EXERCISE GOAL
From the entries below, copy every line that holds the word "Adhesive".

(Saved data entries)
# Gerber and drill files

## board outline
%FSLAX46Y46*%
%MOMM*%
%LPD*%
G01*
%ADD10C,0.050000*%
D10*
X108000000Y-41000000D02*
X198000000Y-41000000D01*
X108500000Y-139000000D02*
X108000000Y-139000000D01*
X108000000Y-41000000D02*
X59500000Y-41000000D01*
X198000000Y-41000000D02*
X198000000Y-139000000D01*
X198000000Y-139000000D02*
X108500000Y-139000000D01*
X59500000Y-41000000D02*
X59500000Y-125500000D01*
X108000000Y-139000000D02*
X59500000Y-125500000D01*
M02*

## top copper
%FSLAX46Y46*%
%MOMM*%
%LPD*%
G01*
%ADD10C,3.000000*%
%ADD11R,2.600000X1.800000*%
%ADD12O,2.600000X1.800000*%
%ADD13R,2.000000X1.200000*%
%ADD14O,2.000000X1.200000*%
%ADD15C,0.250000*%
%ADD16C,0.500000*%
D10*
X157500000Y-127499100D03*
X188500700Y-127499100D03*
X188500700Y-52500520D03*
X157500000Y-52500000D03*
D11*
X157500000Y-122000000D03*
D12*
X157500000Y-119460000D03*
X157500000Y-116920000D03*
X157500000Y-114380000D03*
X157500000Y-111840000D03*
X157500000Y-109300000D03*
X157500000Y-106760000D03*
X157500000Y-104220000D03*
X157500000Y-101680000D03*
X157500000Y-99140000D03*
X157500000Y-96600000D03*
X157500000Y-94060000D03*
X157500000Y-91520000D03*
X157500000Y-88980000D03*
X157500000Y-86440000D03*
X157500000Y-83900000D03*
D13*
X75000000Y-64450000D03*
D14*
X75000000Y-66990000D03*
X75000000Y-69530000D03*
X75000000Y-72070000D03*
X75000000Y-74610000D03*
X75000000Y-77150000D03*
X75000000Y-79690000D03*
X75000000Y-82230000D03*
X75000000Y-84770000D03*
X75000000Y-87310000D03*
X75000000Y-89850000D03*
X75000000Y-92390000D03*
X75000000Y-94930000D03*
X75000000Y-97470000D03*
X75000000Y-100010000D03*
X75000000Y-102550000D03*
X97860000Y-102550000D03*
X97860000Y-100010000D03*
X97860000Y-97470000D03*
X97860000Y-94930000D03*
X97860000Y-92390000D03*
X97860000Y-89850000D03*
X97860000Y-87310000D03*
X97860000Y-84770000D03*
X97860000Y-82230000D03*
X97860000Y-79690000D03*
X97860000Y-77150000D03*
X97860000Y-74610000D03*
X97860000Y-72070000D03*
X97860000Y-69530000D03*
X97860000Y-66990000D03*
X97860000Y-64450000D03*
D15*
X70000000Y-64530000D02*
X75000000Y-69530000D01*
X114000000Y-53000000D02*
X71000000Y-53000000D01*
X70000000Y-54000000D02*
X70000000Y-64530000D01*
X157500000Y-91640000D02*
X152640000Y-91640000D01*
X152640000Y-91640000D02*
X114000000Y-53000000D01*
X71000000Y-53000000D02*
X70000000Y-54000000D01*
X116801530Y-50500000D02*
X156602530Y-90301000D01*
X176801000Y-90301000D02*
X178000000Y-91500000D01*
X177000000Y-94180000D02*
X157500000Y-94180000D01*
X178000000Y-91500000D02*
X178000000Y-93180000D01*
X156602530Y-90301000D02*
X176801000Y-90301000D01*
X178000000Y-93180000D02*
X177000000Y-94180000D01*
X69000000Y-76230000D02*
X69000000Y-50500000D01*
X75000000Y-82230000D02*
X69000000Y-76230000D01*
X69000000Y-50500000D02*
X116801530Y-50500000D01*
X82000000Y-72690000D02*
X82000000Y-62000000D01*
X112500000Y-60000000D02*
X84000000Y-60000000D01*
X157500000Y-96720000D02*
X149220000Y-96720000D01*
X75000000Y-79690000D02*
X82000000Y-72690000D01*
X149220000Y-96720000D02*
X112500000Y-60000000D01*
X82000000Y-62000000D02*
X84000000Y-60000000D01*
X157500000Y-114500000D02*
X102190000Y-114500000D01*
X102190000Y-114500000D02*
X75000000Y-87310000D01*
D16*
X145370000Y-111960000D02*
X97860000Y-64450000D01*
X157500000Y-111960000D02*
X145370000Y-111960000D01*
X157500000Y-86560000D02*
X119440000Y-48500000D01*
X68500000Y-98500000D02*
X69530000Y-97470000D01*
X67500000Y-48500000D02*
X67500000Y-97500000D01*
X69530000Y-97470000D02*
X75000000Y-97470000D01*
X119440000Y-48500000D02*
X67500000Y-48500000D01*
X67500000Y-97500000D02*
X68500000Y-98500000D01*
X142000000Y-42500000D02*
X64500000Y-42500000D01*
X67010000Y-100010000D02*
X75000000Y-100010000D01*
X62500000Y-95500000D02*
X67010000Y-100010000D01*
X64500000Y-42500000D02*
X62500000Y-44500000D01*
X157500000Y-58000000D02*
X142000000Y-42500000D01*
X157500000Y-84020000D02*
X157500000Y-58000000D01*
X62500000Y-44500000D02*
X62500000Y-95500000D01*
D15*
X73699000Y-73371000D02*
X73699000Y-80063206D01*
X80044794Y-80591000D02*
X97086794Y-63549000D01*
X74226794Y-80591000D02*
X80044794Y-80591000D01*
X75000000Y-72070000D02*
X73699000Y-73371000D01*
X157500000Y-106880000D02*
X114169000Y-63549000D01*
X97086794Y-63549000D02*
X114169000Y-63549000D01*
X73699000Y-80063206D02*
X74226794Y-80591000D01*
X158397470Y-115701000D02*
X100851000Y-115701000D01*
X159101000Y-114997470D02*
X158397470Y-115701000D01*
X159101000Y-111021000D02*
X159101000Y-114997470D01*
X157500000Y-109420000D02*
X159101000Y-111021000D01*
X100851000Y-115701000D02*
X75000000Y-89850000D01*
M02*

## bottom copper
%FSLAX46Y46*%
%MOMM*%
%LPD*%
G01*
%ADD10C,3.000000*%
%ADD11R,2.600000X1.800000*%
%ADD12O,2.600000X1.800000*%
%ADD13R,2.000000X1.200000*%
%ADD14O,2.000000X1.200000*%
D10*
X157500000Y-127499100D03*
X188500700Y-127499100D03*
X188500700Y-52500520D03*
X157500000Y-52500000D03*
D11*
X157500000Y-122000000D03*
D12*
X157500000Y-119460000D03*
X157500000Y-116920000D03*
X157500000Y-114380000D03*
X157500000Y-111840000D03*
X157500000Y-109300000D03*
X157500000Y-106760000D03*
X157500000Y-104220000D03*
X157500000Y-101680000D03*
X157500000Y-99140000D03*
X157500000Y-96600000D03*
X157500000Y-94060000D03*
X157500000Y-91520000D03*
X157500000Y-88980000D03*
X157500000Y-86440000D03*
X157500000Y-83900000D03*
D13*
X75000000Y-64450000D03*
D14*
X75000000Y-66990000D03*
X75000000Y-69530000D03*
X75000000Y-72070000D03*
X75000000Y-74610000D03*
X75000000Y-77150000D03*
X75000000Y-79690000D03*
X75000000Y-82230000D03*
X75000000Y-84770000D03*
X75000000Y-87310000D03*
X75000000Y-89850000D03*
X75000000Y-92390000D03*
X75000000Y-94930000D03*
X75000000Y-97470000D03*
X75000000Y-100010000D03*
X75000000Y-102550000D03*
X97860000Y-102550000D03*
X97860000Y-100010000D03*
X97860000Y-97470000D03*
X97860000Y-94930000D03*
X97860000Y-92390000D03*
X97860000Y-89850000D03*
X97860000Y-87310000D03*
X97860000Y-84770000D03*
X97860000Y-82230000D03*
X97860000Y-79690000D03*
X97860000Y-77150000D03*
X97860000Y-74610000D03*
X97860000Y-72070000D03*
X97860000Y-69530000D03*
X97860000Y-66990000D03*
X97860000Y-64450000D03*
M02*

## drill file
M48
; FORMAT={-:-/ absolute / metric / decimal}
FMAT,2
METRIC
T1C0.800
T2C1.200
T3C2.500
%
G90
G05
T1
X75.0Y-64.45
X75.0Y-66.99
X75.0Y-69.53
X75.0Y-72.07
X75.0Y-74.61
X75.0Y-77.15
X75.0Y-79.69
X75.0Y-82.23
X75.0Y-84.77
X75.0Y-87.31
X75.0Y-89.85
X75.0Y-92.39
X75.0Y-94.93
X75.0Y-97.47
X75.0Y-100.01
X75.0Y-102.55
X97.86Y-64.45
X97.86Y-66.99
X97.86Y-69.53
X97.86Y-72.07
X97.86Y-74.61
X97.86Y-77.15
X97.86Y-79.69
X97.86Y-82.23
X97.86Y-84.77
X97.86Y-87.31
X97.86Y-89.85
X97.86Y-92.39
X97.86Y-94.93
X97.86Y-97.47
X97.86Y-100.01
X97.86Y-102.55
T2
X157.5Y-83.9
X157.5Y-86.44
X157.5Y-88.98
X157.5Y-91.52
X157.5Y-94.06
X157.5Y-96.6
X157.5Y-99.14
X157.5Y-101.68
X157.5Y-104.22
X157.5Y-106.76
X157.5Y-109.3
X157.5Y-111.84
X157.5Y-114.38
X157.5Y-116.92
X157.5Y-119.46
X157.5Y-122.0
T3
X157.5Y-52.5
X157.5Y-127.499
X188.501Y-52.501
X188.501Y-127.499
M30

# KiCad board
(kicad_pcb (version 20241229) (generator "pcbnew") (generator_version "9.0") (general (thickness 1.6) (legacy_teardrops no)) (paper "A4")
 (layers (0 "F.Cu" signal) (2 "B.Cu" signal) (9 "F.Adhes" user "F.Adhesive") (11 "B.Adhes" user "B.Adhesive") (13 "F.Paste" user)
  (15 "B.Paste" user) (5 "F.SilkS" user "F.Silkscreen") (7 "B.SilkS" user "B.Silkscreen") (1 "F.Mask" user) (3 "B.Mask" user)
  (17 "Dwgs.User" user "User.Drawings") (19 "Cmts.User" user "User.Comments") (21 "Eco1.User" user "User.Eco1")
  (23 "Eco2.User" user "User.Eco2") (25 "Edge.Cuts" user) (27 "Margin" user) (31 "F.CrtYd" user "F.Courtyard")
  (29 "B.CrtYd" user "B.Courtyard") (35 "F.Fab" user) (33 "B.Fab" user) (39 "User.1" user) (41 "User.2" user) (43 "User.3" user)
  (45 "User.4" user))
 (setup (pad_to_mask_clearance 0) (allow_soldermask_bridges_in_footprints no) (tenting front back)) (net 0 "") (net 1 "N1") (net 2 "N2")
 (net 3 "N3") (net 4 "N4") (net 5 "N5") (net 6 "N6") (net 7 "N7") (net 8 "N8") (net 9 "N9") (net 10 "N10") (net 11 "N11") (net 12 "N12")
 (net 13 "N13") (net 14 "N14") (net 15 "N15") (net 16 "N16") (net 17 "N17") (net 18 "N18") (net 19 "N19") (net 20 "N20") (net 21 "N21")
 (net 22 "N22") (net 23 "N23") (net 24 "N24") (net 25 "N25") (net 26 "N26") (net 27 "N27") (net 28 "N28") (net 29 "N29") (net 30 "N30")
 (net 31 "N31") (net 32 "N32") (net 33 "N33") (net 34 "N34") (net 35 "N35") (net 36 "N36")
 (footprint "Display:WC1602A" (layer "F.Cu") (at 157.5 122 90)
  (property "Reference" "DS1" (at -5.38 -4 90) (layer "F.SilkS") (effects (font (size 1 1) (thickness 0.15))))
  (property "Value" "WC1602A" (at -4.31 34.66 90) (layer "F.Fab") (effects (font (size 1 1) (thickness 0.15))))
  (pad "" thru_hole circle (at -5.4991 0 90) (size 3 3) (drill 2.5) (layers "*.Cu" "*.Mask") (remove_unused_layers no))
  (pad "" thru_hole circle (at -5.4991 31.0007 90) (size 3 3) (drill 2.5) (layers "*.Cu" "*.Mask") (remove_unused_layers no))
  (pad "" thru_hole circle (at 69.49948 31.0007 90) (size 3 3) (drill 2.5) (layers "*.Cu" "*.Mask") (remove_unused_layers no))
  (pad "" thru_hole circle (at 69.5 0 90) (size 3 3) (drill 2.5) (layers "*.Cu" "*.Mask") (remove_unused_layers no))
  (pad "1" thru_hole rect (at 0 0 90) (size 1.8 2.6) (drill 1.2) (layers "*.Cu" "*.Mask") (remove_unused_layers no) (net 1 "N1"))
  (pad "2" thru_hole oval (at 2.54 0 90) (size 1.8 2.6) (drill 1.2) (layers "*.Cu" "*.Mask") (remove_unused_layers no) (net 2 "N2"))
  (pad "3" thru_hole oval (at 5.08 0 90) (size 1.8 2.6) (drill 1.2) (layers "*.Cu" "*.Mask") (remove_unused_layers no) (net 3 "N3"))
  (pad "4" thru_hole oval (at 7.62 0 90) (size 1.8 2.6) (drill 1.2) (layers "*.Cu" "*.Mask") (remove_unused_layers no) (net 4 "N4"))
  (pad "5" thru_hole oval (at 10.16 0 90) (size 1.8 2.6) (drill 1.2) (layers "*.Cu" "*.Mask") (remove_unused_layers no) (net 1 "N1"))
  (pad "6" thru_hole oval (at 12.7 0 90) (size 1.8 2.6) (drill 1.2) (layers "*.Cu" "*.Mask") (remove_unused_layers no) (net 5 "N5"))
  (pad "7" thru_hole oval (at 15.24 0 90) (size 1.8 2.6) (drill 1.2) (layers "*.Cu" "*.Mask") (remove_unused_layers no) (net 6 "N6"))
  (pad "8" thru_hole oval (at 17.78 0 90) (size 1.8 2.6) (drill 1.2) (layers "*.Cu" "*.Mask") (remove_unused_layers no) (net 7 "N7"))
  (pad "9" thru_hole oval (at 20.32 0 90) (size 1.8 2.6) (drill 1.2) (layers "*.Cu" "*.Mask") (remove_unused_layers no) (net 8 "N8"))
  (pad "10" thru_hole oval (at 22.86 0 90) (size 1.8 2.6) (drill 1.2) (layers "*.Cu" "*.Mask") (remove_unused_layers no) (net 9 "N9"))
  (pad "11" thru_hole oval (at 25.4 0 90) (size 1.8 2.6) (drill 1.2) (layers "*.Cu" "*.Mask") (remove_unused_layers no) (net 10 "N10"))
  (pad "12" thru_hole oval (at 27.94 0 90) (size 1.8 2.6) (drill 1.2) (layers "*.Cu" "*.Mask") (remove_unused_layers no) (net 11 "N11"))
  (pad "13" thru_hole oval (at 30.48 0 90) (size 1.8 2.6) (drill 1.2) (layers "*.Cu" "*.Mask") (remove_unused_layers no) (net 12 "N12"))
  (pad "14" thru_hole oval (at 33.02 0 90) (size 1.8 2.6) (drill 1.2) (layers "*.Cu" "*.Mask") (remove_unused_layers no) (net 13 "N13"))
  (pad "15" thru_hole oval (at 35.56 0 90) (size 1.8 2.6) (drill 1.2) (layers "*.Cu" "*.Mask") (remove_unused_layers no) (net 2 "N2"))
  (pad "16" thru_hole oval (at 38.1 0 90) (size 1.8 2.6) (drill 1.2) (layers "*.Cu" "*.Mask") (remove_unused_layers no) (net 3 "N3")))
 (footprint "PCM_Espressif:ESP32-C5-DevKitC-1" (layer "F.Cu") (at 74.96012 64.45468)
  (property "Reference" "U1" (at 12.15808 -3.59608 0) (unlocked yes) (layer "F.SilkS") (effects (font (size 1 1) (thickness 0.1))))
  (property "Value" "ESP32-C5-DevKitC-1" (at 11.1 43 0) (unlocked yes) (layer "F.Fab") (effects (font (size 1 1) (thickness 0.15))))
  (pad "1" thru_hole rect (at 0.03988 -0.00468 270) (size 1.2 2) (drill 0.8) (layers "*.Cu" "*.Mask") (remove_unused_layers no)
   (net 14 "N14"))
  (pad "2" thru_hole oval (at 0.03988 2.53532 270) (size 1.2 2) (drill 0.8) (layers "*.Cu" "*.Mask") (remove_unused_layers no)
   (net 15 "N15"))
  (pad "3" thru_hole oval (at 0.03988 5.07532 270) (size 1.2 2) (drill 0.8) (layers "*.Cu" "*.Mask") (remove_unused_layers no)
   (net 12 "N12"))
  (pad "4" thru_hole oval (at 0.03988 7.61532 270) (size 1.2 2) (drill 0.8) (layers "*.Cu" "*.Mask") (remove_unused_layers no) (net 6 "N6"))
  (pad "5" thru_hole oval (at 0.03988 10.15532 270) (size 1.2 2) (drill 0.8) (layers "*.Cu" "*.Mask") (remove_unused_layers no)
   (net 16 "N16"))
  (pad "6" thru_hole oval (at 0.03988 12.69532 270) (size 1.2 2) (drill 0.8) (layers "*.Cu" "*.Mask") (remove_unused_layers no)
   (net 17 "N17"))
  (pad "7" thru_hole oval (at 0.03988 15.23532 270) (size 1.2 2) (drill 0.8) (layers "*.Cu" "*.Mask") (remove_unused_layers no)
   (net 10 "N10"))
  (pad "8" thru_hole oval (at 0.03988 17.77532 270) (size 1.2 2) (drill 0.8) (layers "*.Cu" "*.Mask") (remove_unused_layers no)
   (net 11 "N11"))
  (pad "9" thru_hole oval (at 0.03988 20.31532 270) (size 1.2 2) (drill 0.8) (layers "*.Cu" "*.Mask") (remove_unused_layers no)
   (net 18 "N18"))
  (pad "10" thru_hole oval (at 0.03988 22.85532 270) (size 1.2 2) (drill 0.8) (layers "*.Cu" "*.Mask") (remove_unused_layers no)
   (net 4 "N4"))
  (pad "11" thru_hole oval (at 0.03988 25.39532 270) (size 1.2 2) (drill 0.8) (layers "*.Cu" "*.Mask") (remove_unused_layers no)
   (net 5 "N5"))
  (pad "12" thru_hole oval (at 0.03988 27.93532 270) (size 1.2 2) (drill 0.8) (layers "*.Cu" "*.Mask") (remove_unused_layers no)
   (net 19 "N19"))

* * *

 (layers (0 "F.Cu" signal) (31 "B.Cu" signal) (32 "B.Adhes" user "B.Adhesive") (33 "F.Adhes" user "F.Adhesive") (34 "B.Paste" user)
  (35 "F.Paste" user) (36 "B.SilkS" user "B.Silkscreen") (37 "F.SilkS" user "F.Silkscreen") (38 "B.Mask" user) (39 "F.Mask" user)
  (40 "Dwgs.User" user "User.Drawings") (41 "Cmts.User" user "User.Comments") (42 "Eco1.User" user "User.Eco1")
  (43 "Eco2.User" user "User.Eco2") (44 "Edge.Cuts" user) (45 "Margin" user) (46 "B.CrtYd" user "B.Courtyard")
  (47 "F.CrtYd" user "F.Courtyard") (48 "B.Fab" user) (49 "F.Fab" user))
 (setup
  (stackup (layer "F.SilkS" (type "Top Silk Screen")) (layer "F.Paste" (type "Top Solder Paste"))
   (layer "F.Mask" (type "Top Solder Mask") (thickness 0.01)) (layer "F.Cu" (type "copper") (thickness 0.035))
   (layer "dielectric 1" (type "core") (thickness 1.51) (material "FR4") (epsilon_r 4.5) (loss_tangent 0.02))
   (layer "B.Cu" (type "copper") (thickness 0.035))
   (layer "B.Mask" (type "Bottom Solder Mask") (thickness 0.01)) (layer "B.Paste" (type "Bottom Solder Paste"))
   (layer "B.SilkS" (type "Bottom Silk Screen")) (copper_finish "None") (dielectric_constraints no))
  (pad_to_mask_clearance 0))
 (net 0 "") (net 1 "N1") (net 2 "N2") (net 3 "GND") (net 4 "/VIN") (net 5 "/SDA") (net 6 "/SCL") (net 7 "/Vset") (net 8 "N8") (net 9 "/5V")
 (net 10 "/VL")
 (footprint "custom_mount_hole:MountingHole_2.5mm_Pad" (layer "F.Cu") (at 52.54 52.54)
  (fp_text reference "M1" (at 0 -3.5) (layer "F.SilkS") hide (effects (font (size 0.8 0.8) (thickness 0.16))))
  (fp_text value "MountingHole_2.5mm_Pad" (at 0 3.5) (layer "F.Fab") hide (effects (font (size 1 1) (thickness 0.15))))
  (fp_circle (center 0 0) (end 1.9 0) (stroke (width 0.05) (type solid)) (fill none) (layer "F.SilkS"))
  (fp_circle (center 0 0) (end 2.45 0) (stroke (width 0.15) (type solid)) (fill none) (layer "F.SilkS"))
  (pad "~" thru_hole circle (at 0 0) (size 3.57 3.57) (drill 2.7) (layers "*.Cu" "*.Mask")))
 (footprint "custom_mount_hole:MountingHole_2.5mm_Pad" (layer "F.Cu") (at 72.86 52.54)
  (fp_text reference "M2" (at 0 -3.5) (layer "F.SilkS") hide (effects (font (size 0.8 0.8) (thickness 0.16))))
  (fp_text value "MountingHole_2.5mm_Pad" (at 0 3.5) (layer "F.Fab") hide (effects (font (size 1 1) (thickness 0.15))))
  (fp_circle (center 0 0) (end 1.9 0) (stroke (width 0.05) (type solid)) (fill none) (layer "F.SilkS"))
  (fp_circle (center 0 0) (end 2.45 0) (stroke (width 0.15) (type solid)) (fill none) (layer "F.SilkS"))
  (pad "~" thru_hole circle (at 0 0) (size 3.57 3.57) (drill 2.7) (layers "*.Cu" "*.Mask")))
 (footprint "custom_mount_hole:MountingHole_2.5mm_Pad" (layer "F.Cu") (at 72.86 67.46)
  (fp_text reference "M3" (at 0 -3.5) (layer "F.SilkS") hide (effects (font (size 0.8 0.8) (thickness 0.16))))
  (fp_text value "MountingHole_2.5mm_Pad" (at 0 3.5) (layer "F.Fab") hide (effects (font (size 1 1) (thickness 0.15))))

ANSWER TO THIS TASK
 (layers (0 "F.Cu" signal) (2 "B.Cu" signal) (9 "F.Adhes" user "F.Adhesive") (11 "B.Adhes" user "B.Adhesive") (13 "F.Paste" user)
 (layers (0 "F.Cu" signal) (31 "B.Cu" signal) (32 "B.Adhes" user "B.Adhesive") (33 "F.Adhes" user "F.Adhesive") (34 "B.Paste" user)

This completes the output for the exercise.